## Material for the task:
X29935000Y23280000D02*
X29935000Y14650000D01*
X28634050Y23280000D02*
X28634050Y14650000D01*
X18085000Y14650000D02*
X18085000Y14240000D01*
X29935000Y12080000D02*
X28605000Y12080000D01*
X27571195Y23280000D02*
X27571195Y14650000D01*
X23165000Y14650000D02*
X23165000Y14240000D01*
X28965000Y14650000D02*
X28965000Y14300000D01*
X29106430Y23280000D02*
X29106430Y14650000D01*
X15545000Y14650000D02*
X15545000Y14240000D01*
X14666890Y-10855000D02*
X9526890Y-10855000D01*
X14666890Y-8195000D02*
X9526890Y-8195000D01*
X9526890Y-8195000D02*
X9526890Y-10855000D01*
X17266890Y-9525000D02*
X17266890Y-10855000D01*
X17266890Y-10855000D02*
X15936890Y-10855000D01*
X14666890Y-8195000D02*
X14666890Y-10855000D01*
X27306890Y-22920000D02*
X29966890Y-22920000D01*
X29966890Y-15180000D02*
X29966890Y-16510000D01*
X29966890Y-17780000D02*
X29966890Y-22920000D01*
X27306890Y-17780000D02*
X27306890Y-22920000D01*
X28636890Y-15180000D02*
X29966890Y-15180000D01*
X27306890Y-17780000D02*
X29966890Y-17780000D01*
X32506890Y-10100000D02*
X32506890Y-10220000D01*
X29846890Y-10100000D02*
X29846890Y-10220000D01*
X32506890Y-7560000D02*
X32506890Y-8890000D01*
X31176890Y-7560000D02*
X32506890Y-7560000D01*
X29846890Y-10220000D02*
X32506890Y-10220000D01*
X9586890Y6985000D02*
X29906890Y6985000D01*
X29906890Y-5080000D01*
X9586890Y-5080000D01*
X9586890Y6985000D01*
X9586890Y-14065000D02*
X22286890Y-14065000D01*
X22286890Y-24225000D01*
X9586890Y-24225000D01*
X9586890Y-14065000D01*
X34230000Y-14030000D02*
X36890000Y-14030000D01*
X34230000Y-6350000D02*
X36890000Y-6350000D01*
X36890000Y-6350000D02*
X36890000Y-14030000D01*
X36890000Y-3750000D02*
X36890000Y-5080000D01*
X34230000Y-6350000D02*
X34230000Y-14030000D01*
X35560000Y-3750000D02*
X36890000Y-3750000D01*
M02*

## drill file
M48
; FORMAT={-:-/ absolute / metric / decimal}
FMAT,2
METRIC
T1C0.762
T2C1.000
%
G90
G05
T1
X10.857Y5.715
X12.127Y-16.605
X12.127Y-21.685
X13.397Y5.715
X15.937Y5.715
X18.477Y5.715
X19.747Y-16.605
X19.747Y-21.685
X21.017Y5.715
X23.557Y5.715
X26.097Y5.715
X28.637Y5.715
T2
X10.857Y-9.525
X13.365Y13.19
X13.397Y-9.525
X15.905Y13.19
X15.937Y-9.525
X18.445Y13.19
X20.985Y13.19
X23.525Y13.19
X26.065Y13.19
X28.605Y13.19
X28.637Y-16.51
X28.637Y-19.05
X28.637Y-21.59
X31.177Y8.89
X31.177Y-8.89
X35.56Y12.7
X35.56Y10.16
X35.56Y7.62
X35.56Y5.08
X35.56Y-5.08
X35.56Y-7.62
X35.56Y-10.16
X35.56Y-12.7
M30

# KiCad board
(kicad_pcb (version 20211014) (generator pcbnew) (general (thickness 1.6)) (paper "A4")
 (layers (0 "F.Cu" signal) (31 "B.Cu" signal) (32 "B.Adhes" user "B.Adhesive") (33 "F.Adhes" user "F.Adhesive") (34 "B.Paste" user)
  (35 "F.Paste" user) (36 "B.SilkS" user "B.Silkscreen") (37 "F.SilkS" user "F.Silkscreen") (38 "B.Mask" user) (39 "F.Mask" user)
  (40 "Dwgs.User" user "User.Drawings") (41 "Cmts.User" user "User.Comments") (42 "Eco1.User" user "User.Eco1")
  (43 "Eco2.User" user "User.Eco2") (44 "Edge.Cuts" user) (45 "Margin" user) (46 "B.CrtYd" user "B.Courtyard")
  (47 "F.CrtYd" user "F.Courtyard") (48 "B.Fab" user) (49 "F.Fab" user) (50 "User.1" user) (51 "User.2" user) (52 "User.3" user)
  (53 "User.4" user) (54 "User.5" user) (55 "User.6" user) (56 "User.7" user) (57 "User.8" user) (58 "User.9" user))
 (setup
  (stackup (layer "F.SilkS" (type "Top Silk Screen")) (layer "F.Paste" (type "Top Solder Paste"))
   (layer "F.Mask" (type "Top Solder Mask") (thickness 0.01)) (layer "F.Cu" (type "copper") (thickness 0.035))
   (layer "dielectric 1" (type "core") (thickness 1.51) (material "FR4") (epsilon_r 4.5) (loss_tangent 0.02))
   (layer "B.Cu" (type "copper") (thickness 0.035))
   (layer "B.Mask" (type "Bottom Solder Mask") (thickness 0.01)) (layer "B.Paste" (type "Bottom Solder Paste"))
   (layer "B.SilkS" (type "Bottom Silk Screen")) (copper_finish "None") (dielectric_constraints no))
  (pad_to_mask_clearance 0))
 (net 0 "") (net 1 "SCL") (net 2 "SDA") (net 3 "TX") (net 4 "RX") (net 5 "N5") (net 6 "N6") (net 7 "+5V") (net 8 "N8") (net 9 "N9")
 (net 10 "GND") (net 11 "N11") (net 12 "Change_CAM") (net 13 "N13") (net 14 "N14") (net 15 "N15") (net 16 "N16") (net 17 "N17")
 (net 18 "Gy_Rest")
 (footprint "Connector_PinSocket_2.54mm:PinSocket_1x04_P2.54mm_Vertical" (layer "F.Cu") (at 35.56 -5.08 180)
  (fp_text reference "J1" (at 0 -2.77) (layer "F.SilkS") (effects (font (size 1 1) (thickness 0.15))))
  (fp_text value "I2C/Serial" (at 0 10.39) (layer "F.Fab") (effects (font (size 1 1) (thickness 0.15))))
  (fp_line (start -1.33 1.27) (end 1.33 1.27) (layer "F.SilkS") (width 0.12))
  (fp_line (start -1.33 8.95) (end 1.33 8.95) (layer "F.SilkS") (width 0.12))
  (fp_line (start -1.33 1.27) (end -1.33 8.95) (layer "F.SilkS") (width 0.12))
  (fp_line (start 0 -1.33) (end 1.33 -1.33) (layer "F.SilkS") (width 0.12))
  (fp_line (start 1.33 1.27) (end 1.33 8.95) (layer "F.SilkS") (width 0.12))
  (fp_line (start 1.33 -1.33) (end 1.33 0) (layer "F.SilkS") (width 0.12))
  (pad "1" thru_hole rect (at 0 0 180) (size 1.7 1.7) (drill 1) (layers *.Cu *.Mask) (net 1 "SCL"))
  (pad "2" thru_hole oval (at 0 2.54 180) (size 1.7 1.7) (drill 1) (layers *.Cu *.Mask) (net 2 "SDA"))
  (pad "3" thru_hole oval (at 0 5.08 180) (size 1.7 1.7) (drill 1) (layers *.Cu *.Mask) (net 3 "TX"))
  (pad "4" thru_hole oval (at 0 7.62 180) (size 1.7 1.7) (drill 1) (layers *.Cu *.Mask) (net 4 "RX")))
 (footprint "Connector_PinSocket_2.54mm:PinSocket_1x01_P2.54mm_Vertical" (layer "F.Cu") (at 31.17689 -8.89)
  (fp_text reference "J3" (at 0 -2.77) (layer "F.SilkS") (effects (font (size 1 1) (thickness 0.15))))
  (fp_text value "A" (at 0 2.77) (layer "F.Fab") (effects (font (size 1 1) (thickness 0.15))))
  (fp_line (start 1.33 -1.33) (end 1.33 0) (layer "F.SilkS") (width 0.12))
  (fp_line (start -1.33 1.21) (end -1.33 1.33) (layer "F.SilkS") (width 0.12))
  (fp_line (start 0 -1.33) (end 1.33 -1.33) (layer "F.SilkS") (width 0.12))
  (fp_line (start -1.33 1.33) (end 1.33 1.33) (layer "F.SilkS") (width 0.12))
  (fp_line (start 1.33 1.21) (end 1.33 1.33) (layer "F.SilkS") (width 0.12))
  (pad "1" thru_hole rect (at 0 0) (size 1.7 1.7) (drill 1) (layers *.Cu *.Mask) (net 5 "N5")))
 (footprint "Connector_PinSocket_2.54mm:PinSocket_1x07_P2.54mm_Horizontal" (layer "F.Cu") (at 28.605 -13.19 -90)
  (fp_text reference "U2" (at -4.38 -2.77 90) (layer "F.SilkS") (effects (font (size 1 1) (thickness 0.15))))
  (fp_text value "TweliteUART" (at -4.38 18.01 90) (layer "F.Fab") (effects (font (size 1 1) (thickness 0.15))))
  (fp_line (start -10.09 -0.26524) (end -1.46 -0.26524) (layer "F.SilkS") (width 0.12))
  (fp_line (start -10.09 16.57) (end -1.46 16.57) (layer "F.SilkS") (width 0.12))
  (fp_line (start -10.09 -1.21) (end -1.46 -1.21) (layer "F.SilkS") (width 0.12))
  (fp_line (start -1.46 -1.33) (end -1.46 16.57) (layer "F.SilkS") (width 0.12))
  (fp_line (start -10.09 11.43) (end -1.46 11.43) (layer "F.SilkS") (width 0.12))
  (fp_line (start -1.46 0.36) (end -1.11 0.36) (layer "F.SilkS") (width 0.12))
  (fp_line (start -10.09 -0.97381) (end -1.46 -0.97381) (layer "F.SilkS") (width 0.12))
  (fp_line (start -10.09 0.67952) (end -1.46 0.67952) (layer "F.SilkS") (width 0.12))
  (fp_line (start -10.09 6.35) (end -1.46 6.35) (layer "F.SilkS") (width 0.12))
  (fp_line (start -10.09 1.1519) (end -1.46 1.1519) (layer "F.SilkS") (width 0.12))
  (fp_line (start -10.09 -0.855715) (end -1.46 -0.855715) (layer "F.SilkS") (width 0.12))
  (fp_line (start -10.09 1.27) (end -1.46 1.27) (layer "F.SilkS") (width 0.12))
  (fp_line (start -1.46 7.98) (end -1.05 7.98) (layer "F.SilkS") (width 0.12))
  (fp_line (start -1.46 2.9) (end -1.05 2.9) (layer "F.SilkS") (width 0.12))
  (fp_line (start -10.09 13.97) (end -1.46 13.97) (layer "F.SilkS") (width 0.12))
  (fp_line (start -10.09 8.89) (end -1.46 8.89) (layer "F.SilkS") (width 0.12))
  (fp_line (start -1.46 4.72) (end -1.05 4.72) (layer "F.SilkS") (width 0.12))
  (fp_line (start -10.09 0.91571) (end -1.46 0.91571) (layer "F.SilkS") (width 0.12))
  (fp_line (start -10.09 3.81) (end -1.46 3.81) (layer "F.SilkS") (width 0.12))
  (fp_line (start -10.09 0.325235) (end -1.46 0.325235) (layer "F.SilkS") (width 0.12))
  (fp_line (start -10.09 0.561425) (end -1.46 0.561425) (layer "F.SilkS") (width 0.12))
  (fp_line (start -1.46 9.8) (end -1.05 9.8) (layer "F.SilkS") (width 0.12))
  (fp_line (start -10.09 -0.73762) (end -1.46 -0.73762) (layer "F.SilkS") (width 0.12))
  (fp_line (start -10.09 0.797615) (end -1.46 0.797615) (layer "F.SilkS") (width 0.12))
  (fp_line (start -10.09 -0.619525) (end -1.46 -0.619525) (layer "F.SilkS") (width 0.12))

## About this task:
Show all lines from the records above where the word "CrtYd" occurs.

## Answer to this problem:
  (43 "Eco2.User" user "User.Eco2") (44 "Edge.Cuts" user) (45 "Margin" user) (46 "B.CrtYd" user "B.Courtyard")
  (47 "F.CrtYd" user "F.Courtyard") (48 "B.Fab" user) (49 "F.Fab" user) (50 "User.1" user) (51 "User.2" user) (52 "User.3" user)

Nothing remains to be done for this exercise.